Palpation of the abdomen revels rigid ULQ URQ

Pelvis is intact and stable

A compound leg fracture on the right leg of the tib and fib

Lower left leg is impaled on the emergency brake

Verbal is still unintelegable

Patient 2 and 3 are still being extricated during this time.

Patient 2

You are near the patient and speaking with him.

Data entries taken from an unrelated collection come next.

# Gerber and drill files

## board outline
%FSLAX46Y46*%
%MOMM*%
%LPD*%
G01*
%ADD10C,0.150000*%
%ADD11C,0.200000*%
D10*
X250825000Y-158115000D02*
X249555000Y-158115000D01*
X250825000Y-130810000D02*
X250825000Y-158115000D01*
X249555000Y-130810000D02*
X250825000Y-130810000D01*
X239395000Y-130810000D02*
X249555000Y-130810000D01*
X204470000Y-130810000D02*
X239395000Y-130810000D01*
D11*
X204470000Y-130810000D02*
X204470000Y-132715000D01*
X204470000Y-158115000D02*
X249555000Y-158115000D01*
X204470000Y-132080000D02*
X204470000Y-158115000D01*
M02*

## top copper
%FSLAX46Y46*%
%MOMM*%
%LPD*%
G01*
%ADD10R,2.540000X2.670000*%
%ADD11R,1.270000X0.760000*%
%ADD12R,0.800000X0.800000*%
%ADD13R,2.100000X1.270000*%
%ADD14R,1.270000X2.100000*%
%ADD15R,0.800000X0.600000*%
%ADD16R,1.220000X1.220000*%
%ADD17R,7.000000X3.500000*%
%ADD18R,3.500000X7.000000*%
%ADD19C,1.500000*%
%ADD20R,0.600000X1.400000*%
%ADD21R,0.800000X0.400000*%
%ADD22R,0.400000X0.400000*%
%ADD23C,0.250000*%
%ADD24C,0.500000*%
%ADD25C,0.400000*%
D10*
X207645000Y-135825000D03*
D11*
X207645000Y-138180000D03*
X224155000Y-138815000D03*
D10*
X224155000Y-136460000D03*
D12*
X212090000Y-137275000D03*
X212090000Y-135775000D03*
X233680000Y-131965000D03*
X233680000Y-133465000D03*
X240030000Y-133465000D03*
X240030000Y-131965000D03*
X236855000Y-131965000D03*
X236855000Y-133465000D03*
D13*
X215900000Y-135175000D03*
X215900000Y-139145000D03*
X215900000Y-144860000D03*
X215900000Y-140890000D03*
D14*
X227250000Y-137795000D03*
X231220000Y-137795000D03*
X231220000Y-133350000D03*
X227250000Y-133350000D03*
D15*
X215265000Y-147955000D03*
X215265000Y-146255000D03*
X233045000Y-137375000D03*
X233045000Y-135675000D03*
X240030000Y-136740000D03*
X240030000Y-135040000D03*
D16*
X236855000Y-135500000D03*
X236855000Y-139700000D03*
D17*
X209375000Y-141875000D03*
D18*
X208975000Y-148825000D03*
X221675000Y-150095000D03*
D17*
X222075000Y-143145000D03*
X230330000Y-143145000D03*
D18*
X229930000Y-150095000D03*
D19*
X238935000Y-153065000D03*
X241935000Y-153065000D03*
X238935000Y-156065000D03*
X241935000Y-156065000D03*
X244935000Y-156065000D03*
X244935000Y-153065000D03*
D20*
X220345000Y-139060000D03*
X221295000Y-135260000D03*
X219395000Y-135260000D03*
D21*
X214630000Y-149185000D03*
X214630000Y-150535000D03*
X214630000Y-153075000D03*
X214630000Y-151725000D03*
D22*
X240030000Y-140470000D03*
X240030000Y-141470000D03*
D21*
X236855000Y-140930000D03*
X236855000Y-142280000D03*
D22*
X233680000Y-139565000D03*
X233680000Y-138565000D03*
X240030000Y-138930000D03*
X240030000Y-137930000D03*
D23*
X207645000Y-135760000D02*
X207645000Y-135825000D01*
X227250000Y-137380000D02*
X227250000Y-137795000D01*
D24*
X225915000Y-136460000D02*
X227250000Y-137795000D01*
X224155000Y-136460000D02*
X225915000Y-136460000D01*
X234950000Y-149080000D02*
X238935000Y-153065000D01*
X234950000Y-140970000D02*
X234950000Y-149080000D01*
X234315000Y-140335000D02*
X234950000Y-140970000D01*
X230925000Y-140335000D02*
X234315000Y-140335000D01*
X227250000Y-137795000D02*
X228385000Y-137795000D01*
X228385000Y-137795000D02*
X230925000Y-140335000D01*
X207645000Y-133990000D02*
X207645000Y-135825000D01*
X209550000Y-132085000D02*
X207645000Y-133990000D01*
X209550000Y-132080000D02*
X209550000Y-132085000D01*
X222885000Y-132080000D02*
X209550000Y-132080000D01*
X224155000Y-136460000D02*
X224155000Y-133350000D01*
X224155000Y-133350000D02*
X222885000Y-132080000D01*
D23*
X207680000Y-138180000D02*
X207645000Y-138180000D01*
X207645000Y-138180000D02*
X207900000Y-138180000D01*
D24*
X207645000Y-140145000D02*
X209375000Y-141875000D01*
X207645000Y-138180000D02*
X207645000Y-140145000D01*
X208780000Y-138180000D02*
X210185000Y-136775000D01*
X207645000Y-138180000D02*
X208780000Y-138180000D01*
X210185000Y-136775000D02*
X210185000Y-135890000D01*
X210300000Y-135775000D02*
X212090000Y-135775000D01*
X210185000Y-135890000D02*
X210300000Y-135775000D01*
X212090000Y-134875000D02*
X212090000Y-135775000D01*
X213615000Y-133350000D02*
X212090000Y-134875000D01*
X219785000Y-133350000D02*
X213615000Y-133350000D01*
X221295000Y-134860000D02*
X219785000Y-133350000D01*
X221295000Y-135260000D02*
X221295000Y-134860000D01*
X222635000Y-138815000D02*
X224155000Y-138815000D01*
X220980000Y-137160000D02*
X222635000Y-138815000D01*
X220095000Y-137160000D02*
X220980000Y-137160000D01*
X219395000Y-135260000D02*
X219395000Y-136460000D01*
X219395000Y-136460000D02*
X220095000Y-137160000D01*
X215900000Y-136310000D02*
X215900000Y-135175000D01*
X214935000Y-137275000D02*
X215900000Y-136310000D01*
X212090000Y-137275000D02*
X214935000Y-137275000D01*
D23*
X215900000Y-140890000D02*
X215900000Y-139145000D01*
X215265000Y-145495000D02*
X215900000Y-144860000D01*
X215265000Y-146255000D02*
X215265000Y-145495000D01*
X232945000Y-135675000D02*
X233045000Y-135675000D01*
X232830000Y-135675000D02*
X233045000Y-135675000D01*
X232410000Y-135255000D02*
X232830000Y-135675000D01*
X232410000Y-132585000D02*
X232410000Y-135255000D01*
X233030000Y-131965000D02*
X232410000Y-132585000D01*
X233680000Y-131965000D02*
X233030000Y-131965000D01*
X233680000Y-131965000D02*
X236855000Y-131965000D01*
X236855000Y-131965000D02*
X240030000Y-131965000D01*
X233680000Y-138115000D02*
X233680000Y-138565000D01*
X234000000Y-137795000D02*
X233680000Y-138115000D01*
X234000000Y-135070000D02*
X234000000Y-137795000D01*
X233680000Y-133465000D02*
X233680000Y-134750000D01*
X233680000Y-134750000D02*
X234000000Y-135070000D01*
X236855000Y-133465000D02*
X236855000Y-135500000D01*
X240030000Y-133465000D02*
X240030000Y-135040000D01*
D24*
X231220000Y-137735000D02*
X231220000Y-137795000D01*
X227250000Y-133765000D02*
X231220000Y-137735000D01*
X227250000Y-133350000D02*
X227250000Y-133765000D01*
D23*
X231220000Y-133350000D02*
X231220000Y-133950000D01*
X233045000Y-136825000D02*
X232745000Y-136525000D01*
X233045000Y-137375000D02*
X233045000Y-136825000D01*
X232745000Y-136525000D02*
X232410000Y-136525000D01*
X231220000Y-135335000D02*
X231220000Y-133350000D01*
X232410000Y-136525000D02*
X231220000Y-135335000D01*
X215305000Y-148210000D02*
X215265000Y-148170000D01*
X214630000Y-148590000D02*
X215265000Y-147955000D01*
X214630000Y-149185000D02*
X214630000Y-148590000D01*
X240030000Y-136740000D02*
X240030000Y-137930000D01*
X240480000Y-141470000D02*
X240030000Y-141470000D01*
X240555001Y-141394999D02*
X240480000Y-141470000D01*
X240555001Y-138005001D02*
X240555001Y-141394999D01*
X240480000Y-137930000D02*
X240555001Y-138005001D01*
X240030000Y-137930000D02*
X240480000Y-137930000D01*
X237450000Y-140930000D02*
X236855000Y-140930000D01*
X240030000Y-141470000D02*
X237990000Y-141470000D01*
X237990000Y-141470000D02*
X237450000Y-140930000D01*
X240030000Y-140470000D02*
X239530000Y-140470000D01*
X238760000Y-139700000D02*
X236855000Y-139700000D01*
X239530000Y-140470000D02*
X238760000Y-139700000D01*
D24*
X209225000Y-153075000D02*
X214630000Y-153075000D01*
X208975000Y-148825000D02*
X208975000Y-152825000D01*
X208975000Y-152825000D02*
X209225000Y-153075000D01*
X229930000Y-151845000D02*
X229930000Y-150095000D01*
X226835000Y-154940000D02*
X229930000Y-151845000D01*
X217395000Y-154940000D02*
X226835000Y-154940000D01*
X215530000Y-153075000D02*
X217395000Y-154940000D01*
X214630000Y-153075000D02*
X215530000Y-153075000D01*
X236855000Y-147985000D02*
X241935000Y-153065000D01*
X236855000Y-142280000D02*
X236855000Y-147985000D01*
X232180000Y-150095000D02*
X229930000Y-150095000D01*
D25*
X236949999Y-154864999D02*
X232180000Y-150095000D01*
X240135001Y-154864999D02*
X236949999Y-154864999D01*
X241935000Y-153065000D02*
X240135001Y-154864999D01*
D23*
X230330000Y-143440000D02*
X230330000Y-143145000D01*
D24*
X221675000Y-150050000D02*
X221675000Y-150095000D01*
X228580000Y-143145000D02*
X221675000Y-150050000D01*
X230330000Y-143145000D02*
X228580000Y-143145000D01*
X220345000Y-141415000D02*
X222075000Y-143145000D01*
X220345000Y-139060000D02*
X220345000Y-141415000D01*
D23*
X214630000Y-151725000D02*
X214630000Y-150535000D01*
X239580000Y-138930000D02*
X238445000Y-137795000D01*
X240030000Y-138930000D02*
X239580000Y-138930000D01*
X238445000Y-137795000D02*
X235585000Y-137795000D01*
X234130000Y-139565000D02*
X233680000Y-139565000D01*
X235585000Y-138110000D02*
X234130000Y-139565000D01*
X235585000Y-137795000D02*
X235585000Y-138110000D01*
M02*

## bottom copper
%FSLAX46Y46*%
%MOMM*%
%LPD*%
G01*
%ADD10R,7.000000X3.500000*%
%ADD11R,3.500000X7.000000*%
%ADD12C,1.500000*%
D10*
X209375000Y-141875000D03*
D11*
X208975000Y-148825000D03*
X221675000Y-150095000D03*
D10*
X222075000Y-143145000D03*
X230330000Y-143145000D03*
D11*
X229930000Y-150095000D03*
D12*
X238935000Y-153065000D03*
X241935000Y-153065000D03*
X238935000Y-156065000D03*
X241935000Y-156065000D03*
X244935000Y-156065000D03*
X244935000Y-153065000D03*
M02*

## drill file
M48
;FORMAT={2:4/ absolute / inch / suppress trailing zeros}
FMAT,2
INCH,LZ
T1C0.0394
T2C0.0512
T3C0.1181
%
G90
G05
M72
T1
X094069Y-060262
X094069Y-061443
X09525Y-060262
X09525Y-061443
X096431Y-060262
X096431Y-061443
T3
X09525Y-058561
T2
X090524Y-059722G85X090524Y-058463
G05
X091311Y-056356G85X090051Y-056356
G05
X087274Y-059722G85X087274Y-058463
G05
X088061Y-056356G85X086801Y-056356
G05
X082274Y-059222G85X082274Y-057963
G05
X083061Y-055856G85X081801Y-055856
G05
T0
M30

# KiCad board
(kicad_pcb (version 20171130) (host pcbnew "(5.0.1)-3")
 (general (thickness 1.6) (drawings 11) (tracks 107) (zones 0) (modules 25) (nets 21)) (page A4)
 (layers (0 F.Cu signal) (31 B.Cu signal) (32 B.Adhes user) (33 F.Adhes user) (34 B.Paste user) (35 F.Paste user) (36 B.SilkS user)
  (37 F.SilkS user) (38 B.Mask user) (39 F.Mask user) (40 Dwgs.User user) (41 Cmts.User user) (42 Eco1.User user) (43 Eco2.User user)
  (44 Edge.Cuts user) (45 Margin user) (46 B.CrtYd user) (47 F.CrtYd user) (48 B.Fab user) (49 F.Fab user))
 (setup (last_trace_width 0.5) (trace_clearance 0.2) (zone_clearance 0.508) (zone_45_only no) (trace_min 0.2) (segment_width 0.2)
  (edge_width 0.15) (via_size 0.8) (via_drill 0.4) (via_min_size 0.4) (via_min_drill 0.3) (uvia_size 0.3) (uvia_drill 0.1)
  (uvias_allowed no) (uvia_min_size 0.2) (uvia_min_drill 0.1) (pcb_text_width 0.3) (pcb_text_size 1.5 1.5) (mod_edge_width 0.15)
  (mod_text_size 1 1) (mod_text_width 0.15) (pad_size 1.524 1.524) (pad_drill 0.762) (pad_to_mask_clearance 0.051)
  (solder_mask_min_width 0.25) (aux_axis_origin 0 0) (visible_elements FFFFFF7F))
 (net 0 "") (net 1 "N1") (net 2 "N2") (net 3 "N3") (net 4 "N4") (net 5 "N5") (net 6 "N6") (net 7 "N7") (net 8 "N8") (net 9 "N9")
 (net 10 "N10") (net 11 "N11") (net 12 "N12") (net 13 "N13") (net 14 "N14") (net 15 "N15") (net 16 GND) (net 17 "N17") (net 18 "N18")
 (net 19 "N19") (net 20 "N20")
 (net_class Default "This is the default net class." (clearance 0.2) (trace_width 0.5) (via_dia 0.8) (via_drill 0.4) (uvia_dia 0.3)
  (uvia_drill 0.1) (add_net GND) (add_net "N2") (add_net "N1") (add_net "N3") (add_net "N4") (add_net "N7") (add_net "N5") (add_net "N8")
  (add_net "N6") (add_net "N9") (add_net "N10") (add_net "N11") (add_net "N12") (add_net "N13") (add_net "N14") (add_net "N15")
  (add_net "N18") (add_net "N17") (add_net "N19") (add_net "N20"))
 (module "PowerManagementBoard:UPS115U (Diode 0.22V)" (layer F.Cu) (at 207.645 137.16 270)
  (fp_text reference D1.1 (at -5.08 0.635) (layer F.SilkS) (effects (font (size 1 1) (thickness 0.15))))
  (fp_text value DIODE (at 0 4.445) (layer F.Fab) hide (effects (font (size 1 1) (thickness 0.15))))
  (pad 2 smd rect (at -1.335 0 270) (size 2.67 2.54) (layers F.Cu F.Paste F.Mask) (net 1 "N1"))
  (pad 1 smd rect (at 1.02 0 270) (size 0.76 1.27) (layers F.Cu F.Paste F.Mask) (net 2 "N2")))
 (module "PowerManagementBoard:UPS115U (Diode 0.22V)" (layer F.Cu) (at 224.155 137.795 270)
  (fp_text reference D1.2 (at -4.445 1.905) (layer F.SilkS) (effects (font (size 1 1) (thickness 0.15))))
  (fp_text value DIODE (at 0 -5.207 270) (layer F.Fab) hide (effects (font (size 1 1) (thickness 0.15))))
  (pad 1 smd rect (at 1.02 0 270) (size 0.76 1.27) (layers F.Cu F.Paste F.Mask) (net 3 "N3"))
  (pad 2 smd rect (at -1.335 0 270) (size 2.67 2.54) (layers F.Cu F.Paste F.Mask) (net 1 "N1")))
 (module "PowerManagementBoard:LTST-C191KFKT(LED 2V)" (layer F.Cu) (at 212.09 136.525 90)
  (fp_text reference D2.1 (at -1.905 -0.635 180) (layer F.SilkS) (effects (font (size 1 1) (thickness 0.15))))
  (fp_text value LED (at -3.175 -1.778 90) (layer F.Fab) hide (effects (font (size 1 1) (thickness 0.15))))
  (pad 1 smd rect (at -0.75 0 90) (size 0.8 0.8) (layers F.Cu B.Adhes F.Paste F.Mask) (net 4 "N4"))
  (pad 2 smd rect (at 0.75 0 90) (size 0.8 0.8) (layers F.Cu F.Paste F.Mask) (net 2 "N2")))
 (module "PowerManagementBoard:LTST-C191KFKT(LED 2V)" (layer F.Cu) (at 233.68 132.715 90)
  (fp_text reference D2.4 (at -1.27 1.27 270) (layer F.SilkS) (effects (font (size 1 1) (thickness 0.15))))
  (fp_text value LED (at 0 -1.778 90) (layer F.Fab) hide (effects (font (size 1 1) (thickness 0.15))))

He is complaining of severe pain everywhere

Due to his position (foward and twords passengerside) he is also complaining of difficulty breathing

Keeps asking about his wife

Bleeding from the head is on the left side inside the hairline

No other bleeding is evident

Hard for you to really see the patient due to position

Patient 3

You are near the patient and speaking to her

She is complaining of arm pain you visually see deformity above the elbow below the shoulder noncompound

Shoulder is not in correct position

Also says she is numb everywhere else "feels like pins and needles"

Keeps saying she is sorry

No visable blood

Breathing is labored, rapid, shallow

Again they are still trying to get into the red car.

Posted

Even without basing any decision on Mechanism or colorful hours. Fly 1 & 2 to a level 1; and 3 to the Burn unit's level 2.. B/c it's going to be a b*tch to get them out, extensive extrication time. In my protocols, they would be flown based on the information posted.

Although, patient 3, assuming it's the car's passenger, is going to be the last out. Thinking from a rescue point of view, you wouldn't want to work from both sides, eg cut stuff open on both doors... Something will collapse.

Posted

:thumbsup:

smart call on getting all 3 in the air. This will be a prolong extrication especially for Patient 3 the female red car passenger. Looks like she will actually need to be brought out from the drivers side. Even with cribbing the risk of collapse would be too great in my estimation. (I have no FD expereince so extrication is not in my SOP, just thinking it in general)

I will wait till a few more chime in. I think i have given enough information to begin to think about treatment. Vitals will come next and also what the trauma naked reveals. You all most already be thinking what might be under those cloths.